_Your objective_. Output exactly the lines below, starting with the line that has "X110140733Y-74712000D02*" and going on through the line that has "X115352978Y-82005022D02*", both included, and no other lines.
··· Supplied data
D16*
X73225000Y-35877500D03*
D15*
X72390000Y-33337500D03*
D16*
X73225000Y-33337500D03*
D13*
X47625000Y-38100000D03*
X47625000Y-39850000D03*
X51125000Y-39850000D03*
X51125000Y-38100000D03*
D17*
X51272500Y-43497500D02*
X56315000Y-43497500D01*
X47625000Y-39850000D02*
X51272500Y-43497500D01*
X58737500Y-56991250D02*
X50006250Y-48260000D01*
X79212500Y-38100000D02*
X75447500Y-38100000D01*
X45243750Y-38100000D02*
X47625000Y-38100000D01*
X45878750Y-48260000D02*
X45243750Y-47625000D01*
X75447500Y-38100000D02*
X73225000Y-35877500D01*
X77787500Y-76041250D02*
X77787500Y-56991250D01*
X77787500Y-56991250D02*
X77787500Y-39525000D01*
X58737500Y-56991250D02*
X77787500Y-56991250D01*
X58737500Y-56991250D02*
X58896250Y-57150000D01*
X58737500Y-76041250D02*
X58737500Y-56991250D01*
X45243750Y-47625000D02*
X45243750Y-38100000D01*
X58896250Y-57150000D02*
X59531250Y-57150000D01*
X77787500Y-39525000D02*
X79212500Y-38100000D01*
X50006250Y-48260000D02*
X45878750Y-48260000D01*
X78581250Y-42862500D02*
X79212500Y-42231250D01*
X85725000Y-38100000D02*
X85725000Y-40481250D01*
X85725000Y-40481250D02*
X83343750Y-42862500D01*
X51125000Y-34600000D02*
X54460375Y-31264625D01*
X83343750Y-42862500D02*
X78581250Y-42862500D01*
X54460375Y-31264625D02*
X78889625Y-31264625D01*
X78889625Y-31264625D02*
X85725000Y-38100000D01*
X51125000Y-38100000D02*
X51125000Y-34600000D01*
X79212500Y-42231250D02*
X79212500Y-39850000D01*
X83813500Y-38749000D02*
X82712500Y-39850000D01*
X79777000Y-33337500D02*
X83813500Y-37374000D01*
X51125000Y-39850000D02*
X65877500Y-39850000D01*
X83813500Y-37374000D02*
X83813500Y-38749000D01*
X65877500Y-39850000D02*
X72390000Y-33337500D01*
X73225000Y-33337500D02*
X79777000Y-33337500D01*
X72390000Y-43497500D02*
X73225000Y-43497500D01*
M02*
······
··· Supplied data
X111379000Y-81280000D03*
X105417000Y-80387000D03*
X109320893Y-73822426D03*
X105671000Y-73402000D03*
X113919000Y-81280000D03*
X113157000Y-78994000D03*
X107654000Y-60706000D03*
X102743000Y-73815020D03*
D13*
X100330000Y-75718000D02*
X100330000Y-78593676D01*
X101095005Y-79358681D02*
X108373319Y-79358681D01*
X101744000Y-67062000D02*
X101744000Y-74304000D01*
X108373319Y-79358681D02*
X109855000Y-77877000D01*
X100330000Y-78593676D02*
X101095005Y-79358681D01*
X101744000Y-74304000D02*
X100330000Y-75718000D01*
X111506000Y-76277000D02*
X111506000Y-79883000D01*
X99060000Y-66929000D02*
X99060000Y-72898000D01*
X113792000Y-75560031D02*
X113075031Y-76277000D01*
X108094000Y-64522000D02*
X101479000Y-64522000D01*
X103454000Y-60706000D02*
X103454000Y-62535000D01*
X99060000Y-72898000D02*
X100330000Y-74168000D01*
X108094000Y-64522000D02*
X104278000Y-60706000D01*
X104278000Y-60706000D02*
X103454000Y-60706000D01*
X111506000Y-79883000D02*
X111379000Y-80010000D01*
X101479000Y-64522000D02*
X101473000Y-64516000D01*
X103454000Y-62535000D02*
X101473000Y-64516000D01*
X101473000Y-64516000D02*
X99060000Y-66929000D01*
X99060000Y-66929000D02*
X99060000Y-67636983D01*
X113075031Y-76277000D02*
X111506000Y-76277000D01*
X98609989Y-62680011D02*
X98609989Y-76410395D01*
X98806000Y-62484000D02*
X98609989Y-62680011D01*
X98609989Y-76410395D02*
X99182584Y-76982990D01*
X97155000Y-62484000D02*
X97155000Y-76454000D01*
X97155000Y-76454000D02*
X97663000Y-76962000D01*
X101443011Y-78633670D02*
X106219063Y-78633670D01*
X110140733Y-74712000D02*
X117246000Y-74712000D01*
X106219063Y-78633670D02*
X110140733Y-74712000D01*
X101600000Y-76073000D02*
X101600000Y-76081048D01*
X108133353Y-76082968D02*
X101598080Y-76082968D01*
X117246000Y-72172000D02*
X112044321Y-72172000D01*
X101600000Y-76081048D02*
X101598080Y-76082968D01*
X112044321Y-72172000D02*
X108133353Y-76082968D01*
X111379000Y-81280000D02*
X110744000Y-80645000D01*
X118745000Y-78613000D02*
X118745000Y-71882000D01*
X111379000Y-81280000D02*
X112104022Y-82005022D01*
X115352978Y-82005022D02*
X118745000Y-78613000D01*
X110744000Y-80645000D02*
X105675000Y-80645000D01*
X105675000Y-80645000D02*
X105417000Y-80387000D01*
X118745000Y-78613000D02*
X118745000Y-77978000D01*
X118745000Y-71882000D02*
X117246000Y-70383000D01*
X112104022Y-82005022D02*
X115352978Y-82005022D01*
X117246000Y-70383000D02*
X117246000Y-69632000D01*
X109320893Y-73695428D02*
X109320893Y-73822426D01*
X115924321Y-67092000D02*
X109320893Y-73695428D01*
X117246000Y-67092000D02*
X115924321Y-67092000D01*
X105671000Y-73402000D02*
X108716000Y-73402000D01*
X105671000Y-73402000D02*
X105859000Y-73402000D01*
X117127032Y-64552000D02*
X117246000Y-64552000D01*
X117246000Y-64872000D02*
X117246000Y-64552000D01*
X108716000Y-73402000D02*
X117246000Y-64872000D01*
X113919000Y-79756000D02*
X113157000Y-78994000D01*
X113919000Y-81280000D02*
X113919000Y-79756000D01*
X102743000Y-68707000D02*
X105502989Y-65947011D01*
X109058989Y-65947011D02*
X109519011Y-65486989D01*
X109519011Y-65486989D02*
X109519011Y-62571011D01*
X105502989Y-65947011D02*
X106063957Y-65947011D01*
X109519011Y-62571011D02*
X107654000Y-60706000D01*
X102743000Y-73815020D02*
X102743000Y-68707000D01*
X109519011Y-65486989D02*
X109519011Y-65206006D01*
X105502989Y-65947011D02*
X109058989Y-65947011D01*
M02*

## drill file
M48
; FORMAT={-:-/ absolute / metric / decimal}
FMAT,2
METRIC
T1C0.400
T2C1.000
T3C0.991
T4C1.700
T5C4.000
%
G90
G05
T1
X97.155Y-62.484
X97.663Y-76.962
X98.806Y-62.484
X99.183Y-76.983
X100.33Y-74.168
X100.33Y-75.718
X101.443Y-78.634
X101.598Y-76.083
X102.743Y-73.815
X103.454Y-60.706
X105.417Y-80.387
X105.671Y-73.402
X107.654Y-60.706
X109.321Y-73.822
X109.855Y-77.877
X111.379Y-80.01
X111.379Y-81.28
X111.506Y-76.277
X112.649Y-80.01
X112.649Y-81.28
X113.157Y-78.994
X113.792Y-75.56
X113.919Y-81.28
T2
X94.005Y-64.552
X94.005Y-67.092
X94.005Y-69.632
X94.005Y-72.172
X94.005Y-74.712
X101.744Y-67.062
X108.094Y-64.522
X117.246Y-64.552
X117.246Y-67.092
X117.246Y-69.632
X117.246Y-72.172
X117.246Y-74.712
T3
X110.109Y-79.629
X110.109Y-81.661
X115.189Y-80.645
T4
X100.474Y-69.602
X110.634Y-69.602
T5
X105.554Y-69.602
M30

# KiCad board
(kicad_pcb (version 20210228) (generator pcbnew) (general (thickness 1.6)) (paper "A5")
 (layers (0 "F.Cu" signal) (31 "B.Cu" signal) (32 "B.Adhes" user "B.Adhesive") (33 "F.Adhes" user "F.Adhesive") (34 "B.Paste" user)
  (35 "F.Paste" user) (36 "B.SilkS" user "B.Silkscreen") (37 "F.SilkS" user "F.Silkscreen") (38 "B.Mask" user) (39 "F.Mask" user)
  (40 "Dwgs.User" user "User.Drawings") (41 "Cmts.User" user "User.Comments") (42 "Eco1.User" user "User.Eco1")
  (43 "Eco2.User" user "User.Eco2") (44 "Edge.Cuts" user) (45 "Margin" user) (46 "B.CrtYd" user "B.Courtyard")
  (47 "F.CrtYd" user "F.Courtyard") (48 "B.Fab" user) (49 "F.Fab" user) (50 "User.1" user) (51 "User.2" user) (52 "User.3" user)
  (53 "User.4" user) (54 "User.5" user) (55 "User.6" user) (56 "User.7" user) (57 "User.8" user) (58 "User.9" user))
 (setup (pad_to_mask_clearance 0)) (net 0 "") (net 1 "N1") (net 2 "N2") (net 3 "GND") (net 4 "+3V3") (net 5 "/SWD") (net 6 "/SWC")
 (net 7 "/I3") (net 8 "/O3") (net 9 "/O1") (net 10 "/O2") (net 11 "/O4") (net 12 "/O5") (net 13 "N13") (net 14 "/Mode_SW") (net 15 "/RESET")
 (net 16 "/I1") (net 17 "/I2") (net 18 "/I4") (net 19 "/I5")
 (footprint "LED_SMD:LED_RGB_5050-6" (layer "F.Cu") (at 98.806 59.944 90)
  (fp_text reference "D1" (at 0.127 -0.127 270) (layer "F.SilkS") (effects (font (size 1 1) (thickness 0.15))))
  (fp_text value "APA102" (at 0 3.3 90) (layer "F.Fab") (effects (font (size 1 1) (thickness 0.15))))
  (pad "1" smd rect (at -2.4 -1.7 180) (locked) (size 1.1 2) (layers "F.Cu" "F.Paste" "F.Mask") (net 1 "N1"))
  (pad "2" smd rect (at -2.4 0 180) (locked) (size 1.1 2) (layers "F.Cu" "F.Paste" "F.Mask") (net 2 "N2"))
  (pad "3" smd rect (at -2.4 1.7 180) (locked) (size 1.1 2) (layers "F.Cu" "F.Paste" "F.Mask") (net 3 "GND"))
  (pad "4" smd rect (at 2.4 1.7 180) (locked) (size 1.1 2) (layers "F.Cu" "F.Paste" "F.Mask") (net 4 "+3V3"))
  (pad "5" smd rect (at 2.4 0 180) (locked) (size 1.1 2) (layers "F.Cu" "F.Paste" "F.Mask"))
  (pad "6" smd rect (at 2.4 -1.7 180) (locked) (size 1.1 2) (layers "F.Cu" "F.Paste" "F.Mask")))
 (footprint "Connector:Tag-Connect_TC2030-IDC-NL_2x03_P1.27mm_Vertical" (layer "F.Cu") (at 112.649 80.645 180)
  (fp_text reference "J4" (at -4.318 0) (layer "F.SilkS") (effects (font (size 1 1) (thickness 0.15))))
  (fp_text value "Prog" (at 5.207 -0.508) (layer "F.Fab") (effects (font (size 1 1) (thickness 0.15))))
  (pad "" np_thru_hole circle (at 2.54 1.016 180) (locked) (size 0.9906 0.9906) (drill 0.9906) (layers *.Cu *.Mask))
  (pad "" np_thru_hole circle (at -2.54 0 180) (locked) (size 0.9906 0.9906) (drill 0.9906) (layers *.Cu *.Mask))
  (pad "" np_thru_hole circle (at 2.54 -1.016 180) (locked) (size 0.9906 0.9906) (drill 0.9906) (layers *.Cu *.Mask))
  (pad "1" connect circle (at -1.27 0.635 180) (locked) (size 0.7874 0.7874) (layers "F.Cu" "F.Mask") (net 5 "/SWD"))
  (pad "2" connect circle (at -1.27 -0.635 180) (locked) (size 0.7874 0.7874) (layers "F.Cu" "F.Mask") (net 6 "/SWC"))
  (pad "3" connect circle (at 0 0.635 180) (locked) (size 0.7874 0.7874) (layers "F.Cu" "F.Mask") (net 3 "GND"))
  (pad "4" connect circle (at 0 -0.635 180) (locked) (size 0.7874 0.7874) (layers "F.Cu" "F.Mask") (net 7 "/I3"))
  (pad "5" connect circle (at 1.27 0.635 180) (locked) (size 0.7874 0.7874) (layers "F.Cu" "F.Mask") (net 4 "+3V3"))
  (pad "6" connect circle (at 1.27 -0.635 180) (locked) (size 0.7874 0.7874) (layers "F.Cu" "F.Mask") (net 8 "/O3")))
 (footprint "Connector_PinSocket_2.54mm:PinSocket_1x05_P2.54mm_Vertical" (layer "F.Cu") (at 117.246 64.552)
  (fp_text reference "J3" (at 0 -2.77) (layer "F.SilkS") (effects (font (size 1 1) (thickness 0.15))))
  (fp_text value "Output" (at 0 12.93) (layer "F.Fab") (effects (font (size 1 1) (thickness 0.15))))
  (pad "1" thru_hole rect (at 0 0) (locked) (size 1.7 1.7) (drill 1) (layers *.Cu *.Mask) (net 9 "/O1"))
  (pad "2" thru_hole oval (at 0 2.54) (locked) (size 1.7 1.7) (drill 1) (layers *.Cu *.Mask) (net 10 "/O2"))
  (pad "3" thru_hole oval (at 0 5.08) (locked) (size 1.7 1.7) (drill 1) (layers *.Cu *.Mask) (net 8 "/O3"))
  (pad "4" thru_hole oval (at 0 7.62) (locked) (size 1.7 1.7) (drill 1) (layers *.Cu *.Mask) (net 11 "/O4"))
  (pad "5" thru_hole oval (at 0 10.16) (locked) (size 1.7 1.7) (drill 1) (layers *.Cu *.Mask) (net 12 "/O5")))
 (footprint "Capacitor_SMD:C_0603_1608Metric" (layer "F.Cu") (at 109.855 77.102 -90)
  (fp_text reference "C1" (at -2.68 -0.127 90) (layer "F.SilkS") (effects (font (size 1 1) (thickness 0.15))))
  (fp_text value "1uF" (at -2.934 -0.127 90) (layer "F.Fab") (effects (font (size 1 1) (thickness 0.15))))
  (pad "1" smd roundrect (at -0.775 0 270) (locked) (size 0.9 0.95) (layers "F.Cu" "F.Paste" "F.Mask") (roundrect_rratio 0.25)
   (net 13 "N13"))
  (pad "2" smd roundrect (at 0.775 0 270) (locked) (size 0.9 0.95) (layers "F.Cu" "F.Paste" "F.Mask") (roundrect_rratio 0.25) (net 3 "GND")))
······
_Written solution_.
X110140733Y-74712000D02*
X117246000Y-74712000D01*
X106219063Y-78633670D02*
X110140733Y-74712000D01*
X101600000Y-76073000D02*
X101600000Y-76081048D01*
X108133353Y-76082968D02*
X101598080Y-76082968D01*
X117246000Y-72172000D02*
X112044321Y-72172000D01*
X101600000Y-76081048D02*
X101598080Y-76082968D01*
X112044321Y-72172000D02*
X108133353Y-76082968D01*
X111379000Y-81280000D02*
X110744000Y-80645000D01*
X118745000Y-78613000D02*
X118745000Y-71882000D01*
X111379000Y-81280000D02*
X112104022Y-82005022D01*
X115352978Y-82005022D02*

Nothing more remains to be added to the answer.